Goal of the exercise:
Reproduce each line from the records that holds "FoLD".

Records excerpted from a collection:
• • •

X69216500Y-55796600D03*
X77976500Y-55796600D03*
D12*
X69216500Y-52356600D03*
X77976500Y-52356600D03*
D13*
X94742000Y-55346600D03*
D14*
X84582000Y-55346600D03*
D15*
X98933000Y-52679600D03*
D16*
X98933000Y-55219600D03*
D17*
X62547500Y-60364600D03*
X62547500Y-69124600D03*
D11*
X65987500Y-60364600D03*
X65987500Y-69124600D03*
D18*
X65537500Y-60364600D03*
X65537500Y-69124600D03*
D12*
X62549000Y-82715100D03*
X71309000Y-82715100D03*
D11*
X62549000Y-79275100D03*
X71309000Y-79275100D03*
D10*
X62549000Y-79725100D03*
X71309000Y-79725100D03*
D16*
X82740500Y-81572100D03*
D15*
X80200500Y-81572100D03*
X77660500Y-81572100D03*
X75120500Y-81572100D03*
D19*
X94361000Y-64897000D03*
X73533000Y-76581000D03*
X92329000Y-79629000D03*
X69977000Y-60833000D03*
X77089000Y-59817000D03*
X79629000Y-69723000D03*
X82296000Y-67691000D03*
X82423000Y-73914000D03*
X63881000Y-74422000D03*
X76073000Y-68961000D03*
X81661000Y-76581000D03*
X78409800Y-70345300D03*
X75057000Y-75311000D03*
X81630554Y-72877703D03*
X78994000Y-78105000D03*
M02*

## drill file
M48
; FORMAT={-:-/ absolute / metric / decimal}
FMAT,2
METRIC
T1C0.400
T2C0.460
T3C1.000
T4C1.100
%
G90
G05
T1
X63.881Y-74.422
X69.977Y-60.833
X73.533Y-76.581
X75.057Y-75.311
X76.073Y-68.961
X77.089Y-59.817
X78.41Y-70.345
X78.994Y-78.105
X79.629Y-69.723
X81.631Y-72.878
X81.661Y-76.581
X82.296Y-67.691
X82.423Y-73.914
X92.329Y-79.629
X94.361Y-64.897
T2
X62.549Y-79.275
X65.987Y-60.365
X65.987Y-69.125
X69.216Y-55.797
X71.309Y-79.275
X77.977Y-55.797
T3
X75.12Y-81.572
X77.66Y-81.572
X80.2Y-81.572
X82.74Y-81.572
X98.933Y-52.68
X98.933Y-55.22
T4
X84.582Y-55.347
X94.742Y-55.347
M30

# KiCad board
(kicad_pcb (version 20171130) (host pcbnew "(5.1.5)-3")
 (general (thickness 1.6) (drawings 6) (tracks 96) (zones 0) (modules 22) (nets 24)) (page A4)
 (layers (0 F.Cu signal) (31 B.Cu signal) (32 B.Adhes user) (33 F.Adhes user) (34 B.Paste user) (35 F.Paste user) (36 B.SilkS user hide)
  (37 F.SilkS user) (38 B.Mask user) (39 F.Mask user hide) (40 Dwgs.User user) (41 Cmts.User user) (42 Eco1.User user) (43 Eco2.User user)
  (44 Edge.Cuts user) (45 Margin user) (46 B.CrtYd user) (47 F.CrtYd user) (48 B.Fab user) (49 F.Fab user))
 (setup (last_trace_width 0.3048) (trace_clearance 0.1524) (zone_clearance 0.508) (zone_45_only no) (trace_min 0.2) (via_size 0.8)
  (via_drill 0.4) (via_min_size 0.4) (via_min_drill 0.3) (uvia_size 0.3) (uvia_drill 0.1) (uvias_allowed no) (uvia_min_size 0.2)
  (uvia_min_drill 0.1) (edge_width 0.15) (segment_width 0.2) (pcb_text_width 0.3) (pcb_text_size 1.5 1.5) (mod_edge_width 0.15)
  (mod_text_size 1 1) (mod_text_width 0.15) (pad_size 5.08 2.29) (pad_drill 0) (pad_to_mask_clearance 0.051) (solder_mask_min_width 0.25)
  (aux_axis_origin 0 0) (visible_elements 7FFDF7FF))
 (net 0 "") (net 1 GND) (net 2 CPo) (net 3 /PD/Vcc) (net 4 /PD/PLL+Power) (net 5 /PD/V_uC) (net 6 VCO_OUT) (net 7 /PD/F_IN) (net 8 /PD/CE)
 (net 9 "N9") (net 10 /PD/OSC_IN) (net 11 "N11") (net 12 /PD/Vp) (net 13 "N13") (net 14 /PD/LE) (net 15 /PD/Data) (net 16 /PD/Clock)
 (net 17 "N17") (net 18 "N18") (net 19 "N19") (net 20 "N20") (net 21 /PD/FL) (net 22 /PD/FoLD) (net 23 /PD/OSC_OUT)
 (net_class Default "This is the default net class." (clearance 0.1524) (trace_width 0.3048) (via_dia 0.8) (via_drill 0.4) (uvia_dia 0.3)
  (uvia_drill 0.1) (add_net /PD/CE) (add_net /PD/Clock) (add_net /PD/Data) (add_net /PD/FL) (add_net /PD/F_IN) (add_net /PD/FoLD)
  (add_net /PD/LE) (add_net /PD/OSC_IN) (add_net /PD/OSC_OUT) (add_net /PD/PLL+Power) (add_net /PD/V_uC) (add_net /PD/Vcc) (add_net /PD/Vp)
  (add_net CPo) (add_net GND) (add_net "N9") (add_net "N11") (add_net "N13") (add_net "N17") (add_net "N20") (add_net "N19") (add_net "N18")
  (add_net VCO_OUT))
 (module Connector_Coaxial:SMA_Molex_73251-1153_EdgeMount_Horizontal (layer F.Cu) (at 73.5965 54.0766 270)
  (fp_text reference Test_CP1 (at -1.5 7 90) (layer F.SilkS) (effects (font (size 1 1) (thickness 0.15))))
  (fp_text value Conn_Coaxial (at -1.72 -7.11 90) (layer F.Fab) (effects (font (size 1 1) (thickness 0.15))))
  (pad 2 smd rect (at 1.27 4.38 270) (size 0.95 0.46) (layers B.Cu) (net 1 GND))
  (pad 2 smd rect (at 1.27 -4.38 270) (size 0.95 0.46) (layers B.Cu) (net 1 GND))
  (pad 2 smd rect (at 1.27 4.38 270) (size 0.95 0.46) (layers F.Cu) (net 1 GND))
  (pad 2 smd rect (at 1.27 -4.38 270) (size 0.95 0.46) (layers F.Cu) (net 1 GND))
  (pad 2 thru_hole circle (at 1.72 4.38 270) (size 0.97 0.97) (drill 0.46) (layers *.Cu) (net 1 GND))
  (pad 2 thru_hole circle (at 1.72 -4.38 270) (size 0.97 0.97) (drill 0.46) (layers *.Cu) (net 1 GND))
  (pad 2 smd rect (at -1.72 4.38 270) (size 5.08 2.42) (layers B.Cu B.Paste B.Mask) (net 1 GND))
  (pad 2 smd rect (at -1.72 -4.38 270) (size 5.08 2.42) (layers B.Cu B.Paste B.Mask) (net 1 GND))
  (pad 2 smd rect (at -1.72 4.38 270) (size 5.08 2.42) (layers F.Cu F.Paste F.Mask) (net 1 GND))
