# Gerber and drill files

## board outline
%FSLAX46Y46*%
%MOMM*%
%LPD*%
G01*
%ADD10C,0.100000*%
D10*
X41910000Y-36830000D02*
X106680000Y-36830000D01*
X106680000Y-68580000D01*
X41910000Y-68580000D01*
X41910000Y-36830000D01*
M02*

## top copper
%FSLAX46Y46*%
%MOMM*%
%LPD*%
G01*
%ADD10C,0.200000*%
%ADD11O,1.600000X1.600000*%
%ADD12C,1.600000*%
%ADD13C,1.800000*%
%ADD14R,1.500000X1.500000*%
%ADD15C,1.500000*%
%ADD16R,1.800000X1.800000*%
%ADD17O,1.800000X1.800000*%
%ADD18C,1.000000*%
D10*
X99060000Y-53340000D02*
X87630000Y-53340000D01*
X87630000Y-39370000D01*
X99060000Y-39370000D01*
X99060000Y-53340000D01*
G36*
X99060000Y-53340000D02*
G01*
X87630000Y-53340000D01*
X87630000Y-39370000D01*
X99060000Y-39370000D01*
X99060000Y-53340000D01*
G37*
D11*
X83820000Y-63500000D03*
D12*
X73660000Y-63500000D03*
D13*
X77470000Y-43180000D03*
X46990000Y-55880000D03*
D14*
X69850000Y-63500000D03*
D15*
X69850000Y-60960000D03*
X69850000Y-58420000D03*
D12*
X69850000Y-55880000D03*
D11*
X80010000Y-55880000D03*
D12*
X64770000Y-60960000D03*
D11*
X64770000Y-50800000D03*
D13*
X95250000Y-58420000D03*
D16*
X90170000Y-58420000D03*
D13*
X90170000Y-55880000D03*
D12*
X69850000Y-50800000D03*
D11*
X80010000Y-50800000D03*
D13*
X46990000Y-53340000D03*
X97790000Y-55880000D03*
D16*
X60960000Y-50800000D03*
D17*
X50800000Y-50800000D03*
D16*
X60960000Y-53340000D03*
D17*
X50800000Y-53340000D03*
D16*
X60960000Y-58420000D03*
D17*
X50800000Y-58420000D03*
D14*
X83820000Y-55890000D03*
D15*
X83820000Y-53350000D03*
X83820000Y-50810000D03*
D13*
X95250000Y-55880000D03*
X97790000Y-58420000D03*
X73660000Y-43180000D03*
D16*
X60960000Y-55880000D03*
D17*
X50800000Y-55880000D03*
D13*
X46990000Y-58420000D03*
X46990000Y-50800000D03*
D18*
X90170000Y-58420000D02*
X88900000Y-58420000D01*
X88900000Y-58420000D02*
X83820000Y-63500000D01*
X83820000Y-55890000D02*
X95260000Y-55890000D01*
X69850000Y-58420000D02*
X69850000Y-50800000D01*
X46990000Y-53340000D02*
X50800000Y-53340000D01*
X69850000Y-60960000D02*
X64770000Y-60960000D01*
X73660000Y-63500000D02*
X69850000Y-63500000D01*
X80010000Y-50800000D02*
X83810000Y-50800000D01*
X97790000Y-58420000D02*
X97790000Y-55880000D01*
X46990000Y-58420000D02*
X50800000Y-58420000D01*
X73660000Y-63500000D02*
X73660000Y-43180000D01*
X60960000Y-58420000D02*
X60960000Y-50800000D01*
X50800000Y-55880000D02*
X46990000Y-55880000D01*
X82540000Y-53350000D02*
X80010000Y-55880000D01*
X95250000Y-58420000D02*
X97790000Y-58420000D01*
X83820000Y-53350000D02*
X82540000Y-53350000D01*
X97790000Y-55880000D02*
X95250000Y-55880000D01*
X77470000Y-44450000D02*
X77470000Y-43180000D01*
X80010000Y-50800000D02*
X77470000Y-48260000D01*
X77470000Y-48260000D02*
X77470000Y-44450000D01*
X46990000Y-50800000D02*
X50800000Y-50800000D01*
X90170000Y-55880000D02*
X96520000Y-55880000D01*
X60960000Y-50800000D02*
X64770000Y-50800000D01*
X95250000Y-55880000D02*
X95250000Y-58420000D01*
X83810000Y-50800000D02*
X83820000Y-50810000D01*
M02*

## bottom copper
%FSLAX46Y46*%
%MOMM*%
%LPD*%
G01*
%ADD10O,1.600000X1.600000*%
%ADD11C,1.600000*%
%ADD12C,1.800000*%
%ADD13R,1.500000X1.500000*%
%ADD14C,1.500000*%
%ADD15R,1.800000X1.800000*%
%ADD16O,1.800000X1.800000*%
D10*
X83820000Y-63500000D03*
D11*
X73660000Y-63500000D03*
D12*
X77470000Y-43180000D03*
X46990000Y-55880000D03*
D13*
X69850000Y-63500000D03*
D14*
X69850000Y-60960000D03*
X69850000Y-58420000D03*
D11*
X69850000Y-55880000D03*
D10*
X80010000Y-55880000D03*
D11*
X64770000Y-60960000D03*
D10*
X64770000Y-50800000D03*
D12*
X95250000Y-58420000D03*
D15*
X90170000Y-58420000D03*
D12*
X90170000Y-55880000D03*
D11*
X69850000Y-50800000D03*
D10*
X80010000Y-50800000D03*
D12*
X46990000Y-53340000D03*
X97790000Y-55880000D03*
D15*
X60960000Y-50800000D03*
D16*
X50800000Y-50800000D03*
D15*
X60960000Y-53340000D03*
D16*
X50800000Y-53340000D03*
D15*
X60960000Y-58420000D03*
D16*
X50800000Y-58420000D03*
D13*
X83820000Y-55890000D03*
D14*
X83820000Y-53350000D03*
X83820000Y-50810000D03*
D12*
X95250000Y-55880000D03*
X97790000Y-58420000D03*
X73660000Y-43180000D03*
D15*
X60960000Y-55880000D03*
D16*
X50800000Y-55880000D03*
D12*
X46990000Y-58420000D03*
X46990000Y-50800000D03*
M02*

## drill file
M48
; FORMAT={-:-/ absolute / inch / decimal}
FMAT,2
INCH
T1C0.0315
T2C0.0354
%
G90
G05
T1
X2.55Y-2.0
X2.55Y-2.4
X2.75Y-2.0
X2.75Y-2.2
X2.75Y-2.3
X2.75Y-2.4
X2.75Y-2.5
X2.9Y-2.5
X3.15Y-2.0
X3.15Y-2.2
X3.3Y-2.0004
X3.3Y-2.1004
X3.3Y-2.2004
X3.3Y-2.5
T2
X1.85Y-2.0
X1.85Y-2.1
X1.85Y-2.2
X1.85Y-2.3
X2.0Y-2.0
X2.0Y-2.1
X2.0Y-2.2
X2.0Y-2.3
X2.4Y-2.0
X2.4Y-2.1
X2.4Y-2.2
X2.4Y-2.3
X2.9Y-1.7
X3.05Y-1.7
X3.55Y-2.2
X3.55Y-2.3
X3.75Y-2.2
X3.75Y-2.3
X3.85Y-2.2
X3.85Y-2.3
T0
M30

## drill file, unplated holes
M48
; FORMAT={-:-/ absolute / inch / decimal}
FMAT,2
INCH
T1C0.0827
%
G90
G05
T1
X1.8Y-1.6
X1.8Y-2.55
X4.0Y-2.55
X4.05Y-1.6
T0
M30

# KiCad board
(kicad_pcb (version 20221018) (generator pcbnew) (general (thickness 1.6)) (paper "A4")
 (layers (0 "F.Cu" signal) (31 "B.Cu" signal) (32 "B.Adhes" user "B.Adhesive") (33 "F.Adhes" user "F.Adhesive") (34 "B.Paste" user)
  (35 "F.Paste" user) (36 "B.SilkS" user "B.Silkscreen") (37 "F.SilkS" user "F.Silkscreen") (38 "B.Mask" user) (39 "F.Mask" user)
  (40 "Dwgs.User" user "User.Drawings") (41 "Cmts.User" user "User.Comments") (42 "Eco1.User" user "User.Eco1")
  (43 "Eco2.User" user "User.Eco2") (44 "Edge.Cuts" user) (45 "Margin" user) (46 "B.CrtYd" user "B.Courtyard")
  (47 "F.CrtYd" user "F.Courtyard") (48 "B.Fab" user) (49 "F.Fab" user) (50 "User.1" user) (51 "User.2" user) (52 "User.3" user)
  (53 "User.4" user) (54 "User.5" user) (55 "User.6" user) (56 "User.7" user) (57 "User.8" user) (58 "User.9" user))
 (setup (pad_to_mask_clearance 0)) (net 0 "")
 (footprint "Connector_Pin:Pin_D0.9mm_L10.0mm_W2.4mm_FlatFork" (layer "F.Cu") (at 77.47 43.18)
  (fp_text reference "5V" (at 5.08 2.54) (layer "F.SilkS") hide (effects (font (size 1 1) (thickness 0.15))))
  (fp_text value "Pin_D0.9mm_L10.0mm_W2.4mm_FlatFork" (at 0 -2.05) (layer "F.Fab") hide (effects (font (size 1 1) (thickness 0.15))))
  (pad "1" thru_hole circle (at 0 0) (size 1.8 1.8) (drill 0.9) (layers "*.Cu" "*.Mask")))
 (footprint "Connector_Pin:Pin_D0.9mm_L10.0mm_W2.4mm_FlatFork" (layer "F.Cu") (at 46.99 55.88)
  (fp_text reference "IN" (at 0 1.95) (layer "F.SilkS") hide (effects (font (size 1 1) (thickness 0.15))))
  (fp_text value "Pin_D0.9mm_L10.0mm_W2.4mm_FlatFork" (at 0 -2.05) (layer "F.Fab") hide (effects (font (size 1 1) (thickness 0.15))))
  (pad "1" thru_hole circle (at 0 0) (size 1.8 1.8) (drill 0.9) (layers "*.Cu" "*.Mask")))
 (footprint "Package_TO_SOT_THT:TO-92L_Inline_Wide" (layer "F.Cu") (at 69.85 63.5 90)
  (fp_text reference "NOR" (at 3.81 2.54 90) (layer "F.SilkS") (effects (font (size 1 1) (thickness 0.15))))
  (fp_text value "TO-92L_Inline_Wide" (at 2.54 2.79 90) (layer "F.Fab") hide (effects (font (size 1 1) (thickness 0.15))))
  (pad "1" thru_hole rect (at 0 0 90) (size 1.5 1.5) (drill 0.8) (layers "*.Cu" "*.Mask"))
  (pad "2" thru_hole circle (at 2.54 0 90) (size 1.5 1.5) (drill 0.8) (layers "*.Cu" "*.Mask"))
  (pad "3" thru_hole circle (at 5.08 0 90) (size 1.5 1.5) (drill 0.8) (layers "*.Cu" "*.Mask")))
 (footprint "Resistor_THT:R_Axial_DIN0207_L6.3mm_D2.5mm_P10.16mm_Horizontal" (layer "F.Cu") (at 69.85 55.88)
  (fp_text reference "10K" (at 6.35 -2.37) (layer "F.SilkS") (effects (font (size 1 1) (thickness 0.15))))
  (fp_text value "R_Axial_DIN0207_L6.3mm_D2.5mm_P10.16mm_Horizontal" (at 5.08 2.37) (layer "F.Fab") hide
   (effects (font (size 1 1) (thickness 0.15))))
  (pad "1" thru_hole circle (at 0 0) (size 1.6 1.6) (drill 0.8) (layers "*.Cu" "*.Mask"))
  (pad "2" thru_hole oval (at 10.16 0) (size 1.6 1.6) (drill 0.8) (layers "*.Cu" "*.Mask")))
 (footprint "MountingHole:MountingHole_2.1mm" (layer "F.Cu") (at 101.6 64.77)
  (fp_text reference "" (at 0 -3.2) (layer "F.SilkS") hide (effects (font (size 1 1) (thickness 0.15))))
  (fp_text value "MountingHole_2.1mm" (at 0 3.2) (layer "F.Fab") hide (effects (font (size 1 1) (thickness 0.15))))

• • •

Answer section:
 (net 17 "N17") (net 18 "N18") (net 19 "N19") (net 20 "N20") (net 21 /PD/FL) (net 22 /PD/FoLD) (net 23 /PD/OSC_OUT)
  (uvia_drill 0.1) (add_net /PD/CE) (add_net /PD/Clock) (add_net /PD/Data) (add_net /PD/FL) (add_net /PD/F_IN) (add_net /PD/FoLD)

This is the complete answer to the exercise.